From the entries below, return only the lines starting at the one that contains "X496643952Y-74852819D02*" and ending at the one that contains "X53865000Y-68615000D02*", exactly as they stand.

Stored data:
****************
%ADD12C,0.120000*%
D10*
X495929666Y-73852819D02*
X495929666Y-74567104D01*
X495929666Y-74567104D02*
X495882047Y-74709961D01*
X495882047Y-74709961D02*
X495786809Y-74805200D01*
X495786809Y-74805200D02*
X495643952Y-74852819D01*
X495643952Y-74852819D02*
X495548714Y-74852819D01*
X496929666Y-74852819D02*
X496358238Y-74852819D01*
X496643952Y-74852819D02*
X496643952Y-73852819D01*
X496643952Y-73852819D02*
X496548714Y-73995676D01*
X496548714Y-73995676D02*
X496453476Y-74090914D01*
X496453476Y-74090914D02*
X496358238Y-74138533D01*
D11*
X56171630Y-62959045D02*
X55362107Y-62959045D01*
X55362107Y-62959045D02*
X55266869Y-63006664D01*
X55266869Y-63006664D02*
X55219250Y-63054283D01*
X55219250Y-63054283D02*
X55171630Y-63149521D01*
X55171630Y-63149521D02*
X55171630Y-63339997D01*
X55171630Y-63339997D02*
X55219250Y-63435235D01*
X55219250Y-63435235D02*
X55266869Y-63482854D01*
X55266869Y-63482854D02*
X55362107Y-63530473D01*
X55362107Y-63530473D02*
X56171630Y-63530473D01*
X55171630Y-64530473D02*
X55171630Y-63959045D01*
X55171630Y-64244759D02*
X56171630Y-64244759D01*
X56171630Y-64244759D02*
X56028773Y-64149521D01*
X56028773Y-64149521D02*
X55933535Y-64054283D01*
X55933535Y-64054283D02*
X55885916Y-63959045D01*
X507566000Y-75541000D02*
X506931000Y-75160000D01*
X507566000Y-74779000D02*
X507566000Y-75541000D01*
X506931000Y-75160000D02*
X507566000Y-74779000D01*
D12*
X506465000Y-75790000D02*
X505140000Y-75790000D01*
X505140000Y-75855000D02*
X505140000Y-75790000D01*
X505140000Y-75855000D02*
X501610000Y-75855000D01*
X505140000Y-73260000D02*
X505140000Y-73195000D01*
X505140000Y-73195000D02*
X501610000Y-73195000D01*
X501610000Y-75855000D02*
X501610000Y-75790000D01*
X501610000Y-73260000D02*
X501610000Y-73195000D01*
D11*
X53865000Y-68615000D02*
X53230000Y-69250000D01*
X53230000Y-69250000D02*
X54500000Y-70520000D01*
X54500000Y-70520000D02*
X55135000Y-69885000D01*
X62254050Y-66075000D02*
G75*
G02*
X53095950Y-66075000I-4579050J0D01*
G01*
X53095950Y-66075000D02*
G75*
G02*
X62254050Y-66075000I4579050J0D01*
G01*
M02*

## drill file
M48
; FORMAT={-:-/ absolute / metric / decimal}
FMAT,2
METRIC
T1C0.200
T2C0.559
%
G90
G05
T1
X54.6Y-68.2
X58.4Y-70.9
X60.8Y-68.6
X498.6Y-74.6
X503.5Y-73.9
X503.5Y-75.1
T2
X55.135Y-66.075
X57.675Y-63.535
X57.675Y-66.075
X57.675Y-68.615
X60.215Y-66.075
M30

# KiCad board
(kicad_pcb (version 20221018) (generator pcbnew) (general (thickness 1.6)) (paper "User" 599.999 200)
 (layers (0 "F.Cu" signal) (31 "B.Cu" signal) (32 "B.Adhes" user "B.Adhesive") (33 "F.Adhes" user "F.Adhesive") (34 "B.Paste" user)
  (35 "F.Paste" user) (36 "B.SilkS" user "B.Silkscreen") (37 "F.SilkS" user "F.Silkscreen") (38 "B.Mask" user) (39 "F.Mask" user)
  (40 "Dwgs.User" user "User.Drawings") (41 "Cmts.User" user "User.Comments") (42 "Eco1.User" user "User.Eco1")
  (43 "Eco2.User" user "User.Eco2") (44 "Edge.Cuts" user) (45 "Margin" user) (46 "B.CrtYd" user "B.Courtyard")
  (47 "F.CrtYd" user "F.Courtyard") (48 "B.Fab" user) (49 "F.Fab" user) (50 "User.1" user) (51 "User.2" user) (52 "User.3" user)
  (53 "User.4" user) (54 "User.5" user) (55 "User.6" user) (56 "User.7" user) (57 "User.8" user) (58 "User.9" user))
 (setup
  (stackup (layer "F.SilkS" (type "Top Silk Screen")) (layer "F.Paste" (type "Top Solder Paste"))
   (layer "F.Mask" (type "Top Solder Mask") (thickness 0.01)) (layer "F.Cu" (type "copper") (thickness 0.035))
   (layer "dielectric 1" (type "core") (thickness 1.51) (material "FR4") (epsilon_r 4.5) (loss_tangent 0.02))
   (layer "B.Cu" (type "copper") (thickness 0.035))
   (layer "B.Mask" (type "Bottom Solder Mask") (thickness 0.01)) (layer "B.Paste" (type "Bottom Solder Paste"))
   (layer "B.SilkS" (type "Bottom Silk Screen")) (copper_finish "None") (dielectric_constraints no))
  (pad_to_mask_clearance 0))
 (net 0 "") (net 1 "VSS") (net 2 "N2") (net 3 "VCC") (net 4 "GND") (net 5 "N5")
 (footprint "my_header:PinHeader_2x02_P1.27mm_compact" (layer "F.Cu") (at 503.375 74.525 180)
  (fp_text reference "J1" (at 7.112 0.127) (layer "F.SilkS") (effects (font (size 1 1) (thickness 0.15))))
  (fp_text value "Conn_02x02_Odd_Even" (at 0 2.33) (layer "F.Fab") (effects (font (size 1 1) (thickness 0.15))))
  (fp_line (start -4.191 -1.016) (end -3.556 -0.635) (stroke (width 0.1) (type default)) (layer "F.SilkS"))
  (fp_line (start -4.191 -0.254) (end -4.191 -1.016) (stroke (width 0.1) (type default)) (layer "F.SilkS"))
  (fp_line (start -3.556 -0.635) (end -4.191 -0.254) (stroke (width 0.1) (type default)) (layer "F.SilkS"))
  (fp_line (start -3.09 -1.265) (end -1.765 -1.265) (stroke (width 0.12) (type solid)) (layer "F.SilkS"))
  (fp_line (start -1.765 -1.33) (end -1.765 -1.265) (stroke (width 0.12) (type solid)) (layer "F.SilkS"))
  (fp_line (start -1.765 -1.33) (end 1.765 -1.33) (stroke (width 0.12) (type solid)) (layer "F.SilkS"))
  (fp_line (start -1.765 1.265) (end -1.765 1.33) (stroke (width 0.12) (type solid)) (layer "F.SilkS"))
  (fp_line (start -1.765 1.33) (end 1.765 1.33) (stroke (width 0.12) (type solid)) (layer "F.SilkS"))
****************
• _Answer box_:
X496643952Y-74852819D02*
X496643952Y-73852819D01*
X496643952Y-73852819D02*
X496548714Y-73995676D01*
X496548714Y-73995676D02*
X496453476Y-74090914D01*
X496453476Y-74090914D02*
X496358238Y-74138533D01*
D11*
X56171630Y-62959045D02*
X55362107Y-62959045D01*
X55362107Y-62959045D02*
X55266869Y-63006664D01*
X55266869Y-63006664D02*
X55219250Y-63054283D01*
X55219250Y-63054283D02*
X55171630Y-63149521D01*
X55171630Y-63149521D02*
X55171630Y-63339997D01*
X55171630Y-63339997D02*
X55219250Y-63435235D01*
X55219250Y-63435235D02*
X55266869Y-63482854D01*
X55266869Y-63482854D02*
X55362107Y-63530473D01*
X55362107Y-63530473D02*
X56171630Y-63530473D01*
X55171630Y-64530473D02*
X55171630Y-63959045D01*
X55171630Y-64244759D02*
X56171630Y-64244759D01*
X56171630Y-64244759D02*
X56028773Y-64149521D01*
X56028773Y-64149521D02*
X55933535Y-64054283D01*
X55933535Y-64054283D02*
X55885916Y-63959045D01*
X507566000Y-75541000D02*
X506931000Y-75160000D01*
X507566000Y-74779000D02*
X507566000Y-75541000D01*
X506931000Y-75160000D02*
X507566000Y-74779000D01*
D12*
X506465000Y-75790000D02*
X505140000Y-75790000D01*
X505140000Y-75855000D02*
X505140000Y-75790000D01*
X505140000Y-75855000D02*
X501610000Y-75855000D01*
X505140000Y-73260000D02*
X505140000Y-73195000D01*
X505140000Y-73195000D02*
X501610000Y-73195000D01*
X501610000Y-75855000D02*
X501610000Y-75790000D01*
X501610000Y-73260000D02*
X501610000Y-73195000D01*
D11*
X53865000Y-68615000D02*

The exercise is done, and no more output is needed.